Fake .sys file?

[DJ EHKOS]

Hi, I am using Vista Home Premium 64bit and Trend Micro anti virus+ anti spyware.
I was playing 2moons for about three weeks before this happened. Changes that have occured include me being made an admisinstrator and UAC being turned off. I started playing 2moons and after a minute it froze up.Trend Micro alerted me that a program was trying to make unauthorized changes and it didn't help when I allowed or didn't allow said change.It now happens everytime I run 2moons but only that program. I tracked it to my Local\Temp folder and its name fluxuates. Its called yvnta.sys and will move around the first three-four letters each time it tries to change something. I scanned it with TM but it found nothing. its about 10 kb. Is this a legit sys file, if not should i delete it? Let me know if you need more info.
I moved it to the recycle bin and ran the program agian, now there is another file named yvatn.sys. they are now both in the recycle bin. Could it be coming from 2moons?

 

[Dwarf]

Hi EHKOS and welcome to Vista Forums

Is this a legitimate version of 2moons? Google has no information on either variant af the file you mentioned, which is suspicious.

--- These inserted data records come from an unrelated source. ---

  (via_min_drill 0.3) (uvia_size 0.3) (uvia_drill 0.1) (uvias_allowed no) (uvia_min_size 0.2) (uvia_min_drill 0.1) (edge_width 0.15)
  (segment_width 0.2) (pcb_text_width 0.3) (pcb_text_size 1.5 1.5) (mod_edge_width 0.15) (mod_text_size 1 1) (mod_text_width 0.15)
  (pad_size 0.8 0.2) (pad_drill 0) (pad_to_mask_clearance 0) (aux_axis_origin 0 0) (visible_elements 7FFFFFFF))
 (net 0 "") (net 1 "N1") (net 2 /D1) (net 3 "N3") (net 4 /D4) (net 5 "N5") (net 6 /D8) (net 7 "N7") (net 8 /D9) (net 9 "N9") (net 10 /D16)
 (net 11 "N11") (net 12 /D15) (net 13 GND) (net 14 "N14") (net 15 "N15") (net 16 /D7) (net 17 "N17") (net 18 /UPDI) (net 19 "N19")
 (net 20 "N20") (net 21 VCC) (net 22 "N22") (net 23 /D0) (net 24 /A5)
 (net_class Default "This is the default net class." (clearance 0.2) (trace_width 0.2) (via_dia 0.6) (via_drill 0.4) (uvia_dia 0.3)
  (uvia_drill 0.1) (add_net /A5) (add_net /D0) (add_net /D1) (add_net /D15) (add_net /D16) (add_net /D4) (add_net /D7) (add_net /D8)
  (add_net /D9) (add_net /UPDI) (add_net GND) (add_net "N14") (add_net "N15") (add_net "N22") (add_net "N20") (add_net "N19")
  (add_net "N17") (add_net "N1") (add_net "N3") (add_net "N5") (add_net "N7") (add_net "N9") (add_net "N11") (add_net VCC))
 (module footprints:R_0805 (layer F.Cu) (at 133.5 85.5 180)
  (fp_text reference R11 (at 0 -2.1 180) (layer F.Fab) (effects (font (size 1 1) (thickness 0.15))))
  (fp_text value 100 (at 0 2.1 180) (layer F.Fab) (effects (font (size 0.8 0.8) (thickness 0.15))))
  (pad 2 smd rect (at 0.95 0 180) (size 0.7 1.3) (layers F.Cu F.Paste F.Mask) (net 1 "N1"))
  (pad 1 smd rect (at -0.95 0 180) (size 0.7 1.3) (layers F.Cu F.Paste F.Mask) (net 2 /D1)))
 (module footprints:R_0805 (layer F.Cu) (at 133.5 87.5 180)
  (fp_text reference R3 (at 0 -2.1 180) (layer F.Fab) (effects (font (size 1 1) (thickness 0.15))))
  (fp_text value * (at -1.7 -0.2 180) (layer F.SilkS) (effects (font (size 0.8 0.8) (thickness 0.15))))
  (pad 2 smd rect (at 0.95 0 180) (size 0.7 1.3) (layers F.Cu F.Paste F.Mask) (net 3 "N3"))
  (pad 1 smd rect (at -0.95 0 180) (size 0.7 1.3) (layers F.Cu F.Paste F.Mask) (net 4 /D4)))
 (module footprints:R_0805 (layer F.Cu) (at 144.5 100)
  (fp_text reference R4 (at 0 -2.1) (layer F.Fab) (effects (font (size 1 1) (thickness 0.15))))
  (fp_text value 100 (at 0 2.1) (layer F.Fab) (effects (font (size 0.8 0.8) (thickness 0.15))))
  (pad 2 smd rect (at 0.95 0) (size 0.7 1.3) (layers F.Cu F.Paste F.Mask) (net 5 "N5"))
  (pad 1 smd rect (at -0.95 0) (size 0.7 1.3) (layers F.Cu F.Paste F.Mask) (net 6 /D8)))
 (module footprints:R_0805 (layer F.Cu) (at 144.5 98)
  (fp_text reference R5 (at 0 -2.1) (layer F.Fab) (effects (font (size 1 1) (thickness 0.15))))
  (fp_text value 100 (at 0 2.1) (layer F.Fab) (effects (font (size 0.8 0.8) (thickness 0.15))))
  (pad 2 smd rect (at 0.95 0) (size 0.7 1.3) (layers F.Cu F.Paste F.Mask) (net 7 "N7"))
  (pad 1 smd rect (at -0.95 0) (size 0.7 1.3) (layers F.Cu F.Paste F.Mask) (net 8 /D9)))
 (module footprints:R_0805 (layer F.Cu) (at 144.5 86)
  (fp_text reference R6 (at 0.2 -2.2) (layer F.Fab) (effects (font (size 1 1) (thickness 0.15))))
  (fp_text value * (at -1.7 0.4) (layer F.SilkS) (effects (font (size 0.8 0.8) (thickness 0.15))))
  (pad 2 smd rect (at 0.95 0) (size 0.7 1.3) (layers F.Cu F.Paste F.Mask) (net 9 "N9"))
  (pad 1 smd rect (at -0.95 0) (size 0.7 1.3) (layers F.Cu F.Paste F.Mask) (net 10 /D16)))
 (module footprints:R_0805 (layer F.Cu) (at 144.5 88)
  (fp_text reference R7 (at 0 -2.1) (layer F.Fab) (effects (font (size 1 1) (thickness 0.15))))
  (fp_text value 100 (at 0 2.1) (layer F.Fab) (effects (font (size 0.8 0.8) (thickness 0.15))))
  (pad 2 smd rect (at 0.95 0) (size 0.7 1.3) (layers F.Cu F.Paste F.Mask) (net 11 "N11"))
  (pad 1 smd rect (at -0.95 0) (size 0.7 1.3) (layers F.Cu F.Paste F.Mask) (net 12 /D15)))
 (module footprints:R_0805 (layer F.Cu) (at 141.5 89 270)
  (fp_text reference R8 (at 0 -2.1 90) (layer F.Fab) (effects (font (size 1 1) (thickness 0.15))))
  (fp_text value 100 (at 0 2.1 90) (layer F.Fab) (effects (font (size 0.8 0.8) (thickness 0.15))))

It could be that this file is part of the security features of this program, but its behaviour, particularly the dynamic changing of its name is alarming.

You can try to see if scanning with either or both of these online sites reveals anything.
Online File Scanner Sites - Windows 7 Forums

 

[DJ EHKOS]

Yes, I got the program off of the acclaim website, I even un/reinstalled it.
I ran it through both those online scanners and they found nothing.
I ran 2moons again with the file in the recycling bin and another one was created in the same spot local\temp, with a slightly varied name.

 

[Dwarf]

Have you checked their forums to see if anyone else has the same issues?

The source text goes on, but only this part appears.